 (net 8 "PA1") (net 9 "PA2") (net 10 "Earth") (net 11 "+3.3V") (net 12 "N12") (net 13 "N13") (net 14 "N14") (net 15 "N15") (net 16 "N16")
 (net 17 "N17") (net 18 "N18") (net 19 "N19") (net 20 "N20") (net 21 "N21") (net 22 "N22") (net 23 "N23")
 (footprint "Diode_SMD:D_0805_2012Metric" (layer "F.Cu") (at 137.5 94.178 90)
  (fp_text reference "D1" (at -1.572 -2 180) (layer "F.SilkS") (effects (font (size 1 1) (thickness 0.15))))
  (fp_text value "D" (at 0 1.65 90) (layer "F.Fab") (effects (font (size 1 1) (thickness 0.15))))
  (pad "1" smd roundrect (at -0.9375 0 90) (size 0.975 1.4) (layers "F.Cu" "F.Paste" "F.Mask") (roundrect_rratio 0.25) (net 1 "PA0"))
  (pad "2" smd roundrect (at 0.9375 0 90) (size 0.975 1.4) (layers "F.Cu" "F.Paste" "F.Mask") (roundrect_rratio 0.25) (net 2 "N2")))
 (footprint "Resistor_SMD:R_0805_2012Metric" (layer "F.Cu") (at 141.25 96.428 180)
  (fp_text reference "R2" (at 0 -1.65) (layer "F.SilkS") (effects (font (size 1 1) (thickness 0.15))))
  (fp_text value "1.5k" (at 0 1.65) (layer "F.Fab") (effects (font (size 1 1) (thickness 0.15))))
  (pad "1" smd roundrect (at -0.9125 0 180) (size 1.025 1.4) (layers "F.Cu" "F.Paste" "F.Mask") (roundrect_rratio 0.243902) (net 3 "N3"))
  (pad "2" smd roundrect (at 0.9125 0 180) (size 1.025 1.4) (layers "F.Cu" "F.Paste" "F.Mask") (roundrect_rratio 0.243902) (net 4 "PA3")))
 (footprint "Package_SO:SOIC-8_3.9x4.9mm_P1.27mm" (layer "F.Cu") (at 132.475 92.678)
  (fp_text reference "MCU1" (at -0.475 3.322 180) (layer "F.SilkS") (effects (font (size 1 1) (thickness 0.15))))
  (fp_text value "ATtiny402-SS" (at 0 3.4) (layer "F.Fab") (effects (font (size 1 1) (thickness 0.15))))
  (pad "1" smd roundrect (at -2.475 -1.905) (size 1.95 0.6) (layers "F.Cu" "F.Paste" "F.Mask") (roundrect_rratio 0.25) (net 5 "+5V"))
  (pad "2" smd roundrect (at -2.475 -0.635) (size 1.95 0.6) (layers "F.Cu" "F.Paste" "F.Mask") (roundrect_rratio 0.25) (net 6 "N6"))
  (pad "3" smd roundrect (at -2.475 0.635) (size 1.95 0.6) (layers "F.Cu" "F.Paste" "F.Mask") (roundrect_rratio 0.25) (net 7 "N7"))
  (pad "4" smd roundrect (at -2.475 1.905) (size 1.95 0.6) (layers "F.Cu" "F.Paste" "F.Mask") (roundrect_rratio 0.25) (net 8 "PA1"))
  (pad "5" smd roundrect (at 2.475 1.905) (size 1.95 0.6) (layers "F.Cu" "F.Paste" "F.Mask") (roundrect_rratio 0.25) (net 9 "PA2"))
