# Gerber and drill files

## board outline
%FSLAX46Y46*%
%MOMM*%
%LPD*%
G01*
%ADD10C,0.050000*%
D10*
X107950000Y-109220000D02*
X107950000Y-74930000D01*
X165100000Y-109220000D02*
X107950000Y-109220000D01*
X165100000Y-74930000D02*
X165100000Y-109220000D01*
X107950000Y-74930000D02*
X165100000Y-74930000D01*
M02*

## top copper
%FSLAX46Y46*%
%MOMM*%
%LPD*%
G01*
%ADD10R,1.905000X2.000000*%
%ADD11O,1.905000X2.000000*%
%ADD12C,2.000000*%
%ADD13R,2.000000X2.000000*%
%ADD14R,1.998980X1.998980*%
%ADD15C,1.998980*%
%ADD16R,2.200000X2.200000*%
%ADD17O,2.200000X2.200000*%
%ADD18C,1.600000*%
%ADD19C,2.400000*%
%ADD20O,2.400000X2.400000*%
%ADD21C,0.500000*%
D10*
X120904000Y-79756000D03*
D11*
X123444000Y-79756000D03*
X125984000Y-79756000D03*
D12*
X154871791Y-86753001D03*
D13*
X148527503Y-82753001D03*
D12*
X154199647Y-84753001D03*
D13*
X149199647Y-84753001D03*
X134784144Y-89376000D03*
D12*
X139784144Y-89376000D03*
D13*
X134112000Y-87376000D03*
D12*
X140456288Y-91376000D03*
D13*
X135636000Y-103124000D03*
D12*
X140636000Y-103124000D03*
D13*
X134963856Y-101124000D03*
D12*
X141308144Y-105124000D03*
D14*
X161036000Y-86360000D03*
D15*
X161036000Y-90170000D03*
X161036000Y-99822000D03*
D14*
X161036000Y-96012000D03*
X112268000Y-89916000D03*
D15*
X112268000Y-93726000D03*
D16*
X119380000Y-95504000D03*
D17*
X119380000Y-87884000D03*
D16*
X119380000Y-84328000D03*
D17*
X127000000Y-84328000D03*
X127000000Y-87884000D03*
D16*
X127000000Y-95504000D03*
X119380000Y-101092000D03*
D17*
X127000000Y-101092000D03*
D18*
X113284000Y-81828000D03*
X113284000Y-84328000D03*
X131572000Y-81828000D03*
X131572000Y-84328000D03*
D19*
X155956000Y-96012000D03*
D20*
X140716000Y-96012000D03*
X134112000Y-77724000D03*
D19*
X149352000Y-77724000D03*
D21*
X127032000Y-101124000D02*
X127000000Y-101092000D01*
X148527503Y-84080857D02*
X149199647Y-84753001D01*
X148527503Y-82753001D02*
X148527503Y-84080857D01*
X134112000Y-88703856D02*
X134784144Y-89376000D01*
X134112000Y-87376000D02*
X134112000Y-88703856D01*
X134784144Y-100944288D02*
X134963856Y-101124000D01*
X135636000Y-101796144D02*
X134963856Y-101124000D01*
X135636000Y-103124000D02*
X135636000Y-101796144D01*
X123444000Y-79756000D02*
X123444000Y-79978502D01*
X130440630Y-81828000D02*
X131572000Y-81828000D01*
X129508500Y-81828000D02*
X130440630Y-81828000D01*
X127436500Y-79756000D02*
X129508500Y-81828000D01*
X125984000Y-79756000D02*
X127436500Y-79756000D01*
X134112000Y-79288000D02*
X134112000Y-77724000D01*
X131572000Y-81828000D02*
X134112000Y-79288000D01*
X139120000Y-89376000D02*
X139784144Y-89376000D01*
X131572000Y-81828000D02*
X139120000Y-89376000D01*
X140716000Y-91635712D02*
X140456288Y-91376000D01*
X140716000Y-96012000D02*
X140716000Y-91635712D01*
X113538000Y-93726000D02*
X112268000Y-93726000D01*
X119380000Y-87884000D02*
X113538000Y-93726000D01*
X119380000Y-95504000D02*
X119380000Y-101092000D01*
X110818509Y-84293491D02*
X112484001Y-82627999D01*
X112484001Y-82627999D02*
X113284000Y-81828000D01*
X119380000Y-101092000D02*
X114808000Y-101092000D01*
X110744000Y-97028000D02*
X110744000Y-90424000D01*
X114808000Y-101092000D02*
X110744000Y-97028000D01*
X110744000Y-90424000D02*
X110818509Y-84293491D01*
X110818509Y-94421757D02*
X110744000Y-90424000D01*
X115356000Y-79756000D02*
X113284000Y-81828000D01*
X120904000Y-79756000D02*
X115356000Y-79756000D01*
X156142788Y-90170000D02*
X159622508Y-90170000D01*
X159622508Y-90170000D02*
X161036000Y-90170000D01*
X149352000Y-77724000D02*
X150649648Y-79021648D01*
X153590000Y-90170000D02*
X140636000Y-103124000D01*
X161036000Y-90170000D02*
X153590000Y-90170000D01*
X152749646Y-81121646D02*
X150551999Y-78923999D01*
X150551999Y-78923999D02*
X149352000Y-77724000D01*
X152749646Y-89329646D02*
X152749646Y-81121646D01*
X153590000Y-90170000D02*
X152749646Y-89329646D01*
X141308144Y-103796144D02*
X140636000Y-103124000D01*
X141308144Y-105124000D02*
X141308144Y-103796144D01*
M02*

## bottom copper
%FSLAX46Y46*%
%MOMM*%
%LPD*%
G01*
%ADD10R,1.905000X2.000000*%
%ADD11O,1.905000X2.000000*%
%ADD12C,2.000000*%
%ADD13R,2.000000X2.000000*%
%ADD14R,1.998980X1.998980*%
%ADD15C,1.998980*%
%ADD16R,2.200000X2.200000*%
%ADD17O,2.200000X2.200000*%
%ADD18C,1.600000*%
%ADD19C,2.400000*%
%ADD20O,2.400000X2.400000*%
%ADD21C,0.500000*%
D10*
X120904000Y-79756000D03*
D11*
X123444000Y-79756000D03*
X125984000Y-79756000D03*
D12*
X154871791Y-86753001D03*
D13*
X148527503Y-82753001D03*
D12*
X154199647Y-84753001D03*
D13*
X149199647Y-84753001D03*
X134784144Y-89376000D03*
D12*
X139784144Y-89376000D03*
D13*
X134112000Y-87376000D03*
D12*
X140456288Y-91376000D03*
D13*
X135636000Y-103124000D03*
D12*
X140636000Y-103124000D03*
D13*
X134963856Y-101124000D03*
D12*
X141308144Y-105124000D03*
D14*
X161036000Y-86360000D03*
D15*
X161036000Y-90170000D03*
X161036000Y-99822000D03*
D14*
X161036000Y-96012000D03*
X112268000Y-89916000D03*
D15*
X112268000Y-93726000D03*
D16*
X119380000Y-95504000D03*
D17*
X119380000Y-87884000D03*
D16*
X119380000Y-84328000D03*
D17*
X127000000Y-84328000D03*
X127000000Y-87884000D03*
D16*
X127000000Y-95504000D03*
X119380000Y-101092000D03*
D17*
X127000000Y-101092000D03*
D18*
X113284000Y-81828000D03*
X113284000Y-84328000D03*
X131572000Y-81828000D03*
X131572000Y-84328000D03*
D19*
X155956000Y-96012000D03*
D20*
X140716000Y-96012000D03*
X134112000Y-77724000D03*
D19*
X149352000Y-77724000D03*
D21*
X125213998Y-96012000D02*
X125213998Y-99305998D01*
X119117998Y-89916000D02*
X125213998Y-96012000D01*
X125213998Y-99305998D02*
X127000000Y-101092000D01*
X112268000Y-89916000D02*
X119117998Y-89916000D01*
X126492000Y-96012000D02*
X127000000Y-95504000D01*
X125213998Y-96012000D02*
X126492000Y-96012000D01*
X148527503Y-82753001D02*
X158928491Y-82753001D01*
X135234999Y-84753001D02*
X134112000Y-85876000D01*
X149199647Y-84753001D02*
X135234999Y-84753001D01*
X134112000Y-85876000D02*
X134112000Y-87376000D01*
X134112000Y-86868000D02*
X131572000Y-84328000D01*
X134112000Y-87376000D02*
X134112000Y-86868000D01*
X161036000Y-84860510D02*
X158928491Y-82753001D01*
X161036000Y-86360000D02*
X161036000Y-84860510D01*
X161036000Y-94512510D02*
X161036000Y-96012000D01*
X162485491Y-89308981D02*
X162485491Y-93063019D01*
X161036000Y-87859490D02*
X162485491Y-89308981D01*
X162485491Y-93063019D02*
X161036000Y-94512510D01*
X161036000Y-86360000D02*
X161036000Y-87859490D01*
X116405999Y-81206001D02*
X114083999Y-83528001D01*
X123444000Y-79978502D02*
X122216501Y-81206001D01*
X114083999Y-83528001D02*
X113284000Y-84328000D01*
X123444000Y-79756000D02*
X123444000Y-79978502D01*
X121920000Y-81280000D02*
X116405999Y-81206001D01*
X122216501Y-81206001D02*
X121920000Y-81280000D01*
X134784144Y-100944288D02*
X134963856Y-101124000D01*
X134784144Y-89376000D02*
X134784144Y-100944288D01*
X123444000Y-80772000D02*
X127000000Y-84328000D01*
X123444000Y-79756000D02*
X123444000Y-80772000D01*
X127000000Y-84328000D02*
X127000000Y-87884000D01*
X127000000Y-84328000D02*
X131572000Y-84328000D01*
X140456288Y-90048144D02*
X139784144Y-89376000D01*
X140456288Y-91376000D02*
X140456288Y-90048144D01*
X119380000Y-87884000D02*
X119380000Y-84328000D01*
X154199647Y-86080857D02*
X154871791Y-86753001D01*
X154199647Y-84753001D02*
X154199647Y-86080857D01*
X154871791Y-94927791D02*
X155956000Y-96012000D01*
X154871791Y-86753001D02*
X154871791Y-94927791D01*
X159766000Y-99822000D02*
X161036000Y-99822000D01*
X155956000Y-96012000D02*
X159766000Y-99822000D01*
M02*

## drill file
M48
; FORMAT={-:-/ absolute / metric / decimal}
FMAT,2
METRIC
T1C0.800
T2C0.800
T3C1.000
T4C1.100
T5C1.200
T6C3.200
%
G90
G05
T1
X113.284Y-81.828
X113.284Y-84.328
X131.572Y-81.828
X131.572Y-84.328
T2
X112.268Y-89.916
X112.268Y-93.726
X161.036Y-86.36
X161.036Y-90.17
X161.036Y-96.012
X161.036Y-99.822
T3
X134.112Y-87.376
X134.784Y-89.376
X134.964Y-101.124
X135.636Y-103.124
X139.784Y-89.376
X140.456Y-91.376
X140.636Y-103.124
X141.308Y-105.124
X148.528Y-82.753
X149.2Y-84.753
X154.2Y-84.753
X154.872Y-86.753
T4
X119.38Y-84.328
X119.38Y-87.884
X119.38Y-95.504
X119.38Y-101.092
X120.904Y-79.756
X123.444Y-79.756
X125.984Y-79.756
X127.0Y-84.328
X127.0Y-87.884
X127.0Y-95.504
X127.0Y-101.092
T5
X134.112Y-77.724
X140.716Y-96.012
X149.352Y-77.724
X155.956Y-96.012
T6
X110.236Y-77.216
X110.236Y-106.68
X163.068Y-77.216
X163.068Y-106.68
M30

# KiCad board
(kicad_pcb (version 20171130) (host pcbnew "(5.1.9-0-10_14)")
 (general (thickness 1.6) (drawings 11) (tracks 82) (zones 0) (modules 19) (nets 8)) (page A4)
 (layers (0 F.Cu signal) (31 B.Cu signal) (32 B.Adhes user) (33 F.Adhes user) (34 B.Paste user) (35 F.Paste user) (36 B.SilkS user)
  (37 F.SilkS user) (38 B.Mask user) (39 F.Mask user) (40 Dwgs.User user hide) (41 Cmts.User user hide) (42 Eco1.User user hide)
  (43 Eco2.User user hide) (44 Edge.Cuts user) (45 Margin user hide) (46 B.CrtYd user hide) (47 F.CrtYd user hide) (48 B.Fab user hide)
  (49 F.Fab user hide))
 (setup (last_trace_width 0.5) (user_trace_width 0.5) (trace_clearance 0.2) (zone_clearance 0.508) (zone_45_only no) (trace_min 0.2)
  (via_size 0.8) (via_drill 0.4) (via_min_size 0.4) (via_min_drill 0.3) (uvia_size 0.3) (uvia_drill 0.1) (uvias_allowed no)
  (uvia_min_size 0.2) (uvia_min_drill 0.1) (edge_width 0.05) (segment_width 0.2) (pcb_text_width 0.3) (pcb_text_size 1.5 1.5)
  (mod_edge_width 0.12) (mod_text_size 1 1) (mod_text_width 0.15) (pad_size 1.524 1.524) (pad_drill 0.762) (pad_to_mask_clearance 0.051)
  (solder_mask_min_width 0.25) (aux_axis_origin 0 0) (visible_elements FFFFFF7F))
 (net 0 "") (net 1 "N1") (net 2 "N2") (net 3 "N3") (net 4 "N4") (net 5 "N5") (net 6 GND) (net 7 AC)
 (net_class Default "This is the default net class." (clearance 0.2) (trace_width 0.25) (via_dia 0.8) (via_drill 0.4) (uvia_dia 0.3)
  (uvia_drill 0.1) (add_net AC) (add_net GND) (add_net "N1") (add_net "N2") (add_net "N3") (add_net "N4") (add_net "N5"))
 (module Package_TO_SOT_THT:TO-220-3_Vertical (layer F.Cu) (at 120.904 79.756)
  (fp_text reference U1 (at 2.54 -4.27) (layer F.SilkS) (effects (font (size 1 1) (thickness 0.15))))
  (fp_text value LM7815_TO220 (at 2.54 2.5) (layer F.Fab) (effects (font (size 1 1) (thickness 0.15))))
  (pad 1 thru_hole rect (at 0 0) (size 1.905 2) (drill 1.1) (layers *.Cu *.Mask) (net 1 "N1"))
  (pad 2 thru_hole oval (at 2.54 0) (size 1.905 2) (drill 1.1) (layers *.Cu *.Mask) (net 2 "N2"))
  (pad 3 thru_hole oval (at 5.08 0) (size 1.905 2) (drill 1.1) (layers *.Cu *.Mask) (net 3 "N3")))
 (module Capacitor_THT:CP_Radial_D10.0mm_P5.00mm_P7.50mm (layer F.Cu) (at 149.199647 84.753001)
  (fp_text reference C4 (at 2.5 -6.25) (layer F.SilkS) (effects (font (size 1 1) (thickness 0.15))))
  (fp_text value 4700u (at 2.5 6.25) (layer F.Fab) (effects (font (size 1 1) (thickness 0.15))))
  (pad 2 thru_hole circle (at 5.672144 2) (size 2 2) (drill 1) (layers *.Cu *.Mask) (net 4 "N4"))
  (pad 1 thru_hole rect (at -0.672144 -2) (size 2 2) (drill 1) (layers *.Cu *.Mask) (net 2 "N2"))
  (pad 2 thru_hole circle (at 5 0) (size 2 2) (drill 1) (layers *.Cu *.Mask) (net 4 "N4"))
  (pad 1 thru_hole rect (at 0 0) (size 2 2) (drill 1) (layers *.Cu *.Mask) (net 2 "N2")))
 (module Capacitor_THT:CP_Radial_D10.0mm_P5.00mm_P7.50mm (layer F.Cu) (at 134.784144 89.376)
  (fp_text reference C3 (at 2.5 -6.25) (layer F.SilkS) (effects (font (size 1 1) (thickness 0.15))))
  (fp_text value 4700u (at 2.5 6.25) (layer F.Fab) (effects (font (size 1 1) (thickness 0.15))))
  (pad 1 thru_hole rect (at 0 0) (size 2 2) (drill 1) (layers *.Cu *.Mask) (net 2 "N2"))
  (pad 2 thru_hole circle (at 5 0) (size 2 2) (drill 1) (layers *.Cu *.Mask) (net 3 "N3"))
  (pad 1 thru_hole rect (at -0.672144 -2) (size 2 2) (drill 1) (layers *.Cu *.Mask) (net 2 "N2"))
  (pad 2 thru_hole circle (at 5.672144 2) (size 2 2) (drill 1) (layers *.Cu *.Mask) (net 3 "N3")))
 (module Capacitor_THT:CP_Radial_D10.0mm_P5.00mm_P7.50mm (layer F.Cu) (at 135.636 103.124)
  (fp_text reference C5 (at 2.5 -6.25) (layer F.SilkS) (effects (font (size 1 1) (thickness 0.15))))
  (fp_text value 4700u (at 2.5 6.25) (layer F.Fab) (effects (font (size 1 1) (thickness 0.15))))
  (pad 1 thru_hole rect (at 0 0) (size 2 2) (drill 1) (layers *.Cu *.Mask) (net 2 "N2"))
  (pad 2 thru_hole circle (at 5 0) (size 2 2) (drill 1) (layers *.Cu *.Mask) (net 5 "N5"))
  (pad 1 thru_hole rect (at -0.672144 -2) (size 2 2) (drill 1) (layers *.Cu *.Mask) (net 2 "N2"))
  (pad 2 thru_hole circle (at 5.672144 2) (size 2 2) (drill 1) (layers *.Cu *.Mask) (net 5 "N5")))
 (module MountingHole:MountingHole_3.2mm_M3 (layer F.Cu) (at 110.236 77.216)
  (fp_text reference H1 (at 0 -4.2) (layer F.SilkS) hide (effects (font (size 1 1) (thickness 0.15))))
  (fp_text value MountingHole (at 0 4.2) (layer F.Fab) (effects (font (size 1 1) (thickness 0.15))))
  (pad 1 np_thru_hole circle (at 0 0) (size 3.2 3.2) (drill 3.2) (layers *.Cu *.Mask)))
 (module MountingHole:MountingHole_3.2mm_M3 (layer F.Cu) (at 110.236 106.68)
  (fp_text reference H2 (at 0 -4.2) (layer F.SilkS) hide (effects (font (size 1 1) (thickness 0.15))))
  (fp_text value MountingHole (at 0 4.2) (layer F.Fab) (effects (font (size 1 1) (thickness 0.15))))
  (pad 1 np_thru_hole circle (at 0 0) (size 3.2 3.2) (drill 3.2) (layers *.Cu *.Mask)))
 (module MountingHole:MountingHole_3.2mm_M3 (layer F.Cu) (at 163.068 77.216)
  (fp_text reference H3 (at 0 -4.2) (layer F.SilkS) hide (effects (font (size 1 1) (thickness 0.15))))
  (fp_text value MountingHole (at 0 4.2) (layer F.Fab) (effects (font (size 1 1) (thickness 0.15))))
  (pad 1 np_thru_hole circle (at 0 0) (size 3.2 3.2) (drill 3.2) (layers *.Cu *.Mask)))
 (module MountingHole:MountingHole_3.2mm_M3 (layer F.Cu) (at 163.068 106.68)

- Task requirements: Word for word, reproduce the listing from its first line through the line that has "(at -2.475 -0.635)" in it, and go no further.

- Task response:
 (net 8 "PA1") (net 9 "PA2") (net 10 "Earth") (net 11 "+3.3V") (net 12 "N12") (net 13 "N13") (net 14 "N14") (net 15 "N15") (net 16 "N16")
 (net 17 "N17") (net 18 "N18") (net 19 "N19") (net 20 "N20") (net 21 "N21") (net 22 "N22") (net 23 "N23")
 (footprint "Diode_SMD:D_0805_2012Metric" (layer "F.Cu") (at 137.5 94.178 90)
  (fp_text reference "D1" (at -1.572 -2 180) (layer "F.SilkS") (effects (font (size 1 1) (thickness 0.15))))
  (fp_text value "D" (at 0 1.65 90) (layer "F.Fab") (effects (font (size 1 1) (thickness 0.15))))
  (pad "1" smd roundrect (at -0.9375 0 90) (size 0.975 1.4) (layers "F.Cu" "F.Paste" "F.Mask") (roundrect_rratio 0.25) (net 1 "PA0"))
  (pad "2" smd roundrect (at 0.9375 0 90) (size 0.975 1.4) (layers "F.Cu" "F.Paste" "F.Mask") (roundrect_rratio 0.25) (net 2 "N2")))
 (footprint "Resistor_SMD:R_0805_2012Metric" (layer "F.Cu") (at 141.25 96.428 180)
  (fp_text reference "R2" (at 0 -1.65) (layer "F.SilkS") (effects (font (size 1 1) (thickness 0.15))))
  (fp_text value "1.5k" (at 0 1.65) (layer "F.Fab") (effects (font (size 1 1) (thickness 0.15))))
  (pad "1" smd roundrect (at -0.9125 0 180) (size 1.025 1.4) (layers "F.Cu" "F.Paste" "F.Mask") (roundrect_rratio 0.243902) (net 3 "N3"))
  (pad "2" smd roundrect (at 0.9125 0 180) (size 1.025 1.4) (layers "F.Cu" "F.Paste" "F.Mask") (roundrect_rratio 0.243902) (net 4 "PA3")))
 (footprint "Package_SO:SOIC-8_3.9x4.9mm_P1.27mm" (layer "F.Cu") (at 132.475 92.678)
  (fp_text reference "MCU1" (at -0.475 3.322 180) (layer "F.SilkS") (effects (font (size 1 1) (thickness 0.15))))
  (fp_text value "ATtiny402-SS" (at 0 3.4) (layer "F.Fab") (effects (font (size 1 1) (thickness 0.15))))
  (pad "1" smd roundrect (at -2.475 -1.905) (size 1.95 0.6) (layers "F.Cu" "F.Paste" "F.Mask") (roundrect_rratio 0.25) (net 5 "+5V"))
  (pad "2" smd roundrect (at -2.475 -0.635) (size 1.95 0.6) (layers "F.Cu" "F.Paste" "F.Mask") (roundrect_rratio 0.25) (net 6 "N6"))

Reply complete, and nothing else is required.